I wasn’t going to tell Alice about Vera. We swam out to deeper water, our heads bobbing close to each other. Alice pulled up her top and hugged me while we floated. I had never felt a girl’s breasts on me; it was blurry beneath the water and I couldn’t see, but I could feel her shape pressed upon me; I could feel her cool, squeaky skin and the deeper warmth near her bones. Her body felt like two currents; her arms around my neck, I could hear her breathing in one ear, and I could hear the ocean in the other. I felt the world had shrunk, but I knew it hadn’t, and all anyone on the beach could see, if they were looking at all, was our bobbing heads; everything beneath, her breasts, her knees, her toes dangling against my toes, was invisible, even to me.

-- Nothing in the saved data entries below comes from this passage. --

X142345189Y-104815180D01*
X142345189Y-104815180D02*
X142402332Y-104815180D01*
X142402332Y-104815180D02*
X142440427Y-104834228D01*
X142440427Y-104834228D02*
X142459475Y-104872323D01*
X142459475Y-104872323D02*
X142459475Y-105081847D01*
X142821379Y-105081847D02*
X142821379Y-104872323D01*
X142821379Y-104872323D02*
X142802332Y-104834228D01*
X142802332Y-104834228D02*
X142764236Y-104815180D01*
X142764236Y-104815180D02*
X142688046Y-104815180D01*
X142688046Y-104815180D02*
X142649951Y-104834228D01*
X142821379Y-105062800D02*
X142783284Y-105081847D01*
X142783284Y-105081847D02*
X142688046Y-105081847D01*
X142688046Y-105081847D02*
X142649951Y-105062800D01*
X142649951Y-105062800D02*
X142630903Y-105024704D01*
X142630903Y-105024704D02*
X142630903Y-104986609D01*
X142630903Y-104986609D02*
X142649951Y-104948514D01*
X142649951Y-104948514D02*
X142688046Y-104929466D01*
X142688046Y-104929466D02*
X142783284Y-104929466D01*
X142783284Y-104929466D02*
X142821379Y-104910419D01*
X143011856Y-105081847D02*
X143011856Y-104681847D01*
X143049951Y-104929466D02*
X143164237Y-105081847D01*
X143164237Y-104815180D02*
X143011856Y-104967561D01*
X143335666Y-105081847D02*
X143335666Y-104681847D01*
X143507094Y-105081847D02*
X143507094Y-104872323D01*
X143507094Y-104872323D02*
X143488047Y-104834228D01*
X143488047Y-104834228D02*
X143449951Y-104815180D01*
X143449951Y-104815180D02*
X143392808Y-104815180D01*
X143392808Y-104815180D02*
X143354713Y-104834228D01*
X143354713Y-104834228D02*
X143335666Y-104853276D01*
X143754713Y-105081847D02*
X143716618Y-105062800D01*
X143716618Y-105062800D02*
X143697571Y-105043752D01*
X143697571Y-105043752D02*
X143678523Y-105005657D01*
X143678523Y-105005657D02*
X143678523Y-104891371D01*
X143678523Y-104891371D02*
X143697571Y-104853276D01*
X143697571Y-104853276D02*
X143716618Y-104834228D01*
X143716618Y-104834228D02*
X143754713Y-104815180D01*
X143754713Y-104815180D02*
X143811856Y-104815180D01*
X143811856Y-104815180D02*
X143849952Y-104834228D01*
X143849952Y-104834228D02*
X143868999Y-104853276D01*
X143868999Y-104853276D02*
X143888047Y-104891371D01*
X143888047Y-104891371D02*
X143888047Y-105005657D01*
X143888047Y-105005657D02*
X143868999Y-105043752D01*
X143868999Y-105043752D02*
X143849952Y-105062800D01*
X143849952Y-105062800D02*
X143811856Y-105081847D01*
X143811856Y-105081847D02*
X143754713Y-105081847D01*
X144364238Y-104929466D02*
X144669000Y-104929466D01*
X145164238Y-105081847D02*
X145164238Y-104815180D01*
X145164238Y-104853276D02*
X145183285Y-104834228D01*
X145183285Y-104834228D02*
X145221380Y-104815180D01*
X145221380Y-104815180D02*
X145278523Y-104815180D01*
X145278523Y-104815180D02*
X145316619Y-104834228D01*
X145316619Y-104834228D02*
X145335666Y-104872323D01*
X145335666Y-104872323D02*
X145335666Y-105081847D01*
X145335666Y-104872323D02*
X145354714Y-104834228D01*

The sun was moving away from us and over the land, and the moon was gathering in the sky, not too pronounced, but just enough to let you know that night was coming with the new tide. Alice was weightless in my arms, insubstantial, holding me, brushing against me as we floated. We seemed like two fish circling and touching each other. Slippery breaths. I kissed her, soft, like on the balcony the other night. She tasted of salt, of the sea, and she kissed back. The water held us. Cool and warm currents spiraled around, and Alice kissed me again, the water lifting us toward the moon. We dipped in the wake of a wave as it rolled toward shore and rose again on a new wave gathering below us. I opened my eyes. Alice’s eyes were closed. Her hair floated on the water. We were far from shore, but I could see the umbrellas, like flowers in the sand, and the blankets, and the tall grass bending in the breeze on dunes near the houses
with painted white window frames and cedar sides, some dark as mulch, others faded to bone. Alice stopped kissing me and slipped her arms from around me; she straightened her top and swam gracefully away. I followed with a breaststroke, my arms and legs out of rhythm, but I was moving forward, a vessel, trailing Alice to the shore. She rode a wave in as if she were born from water. I caught a slow wave farther out, riding in its middle, feeling it curl around me until it gently broke.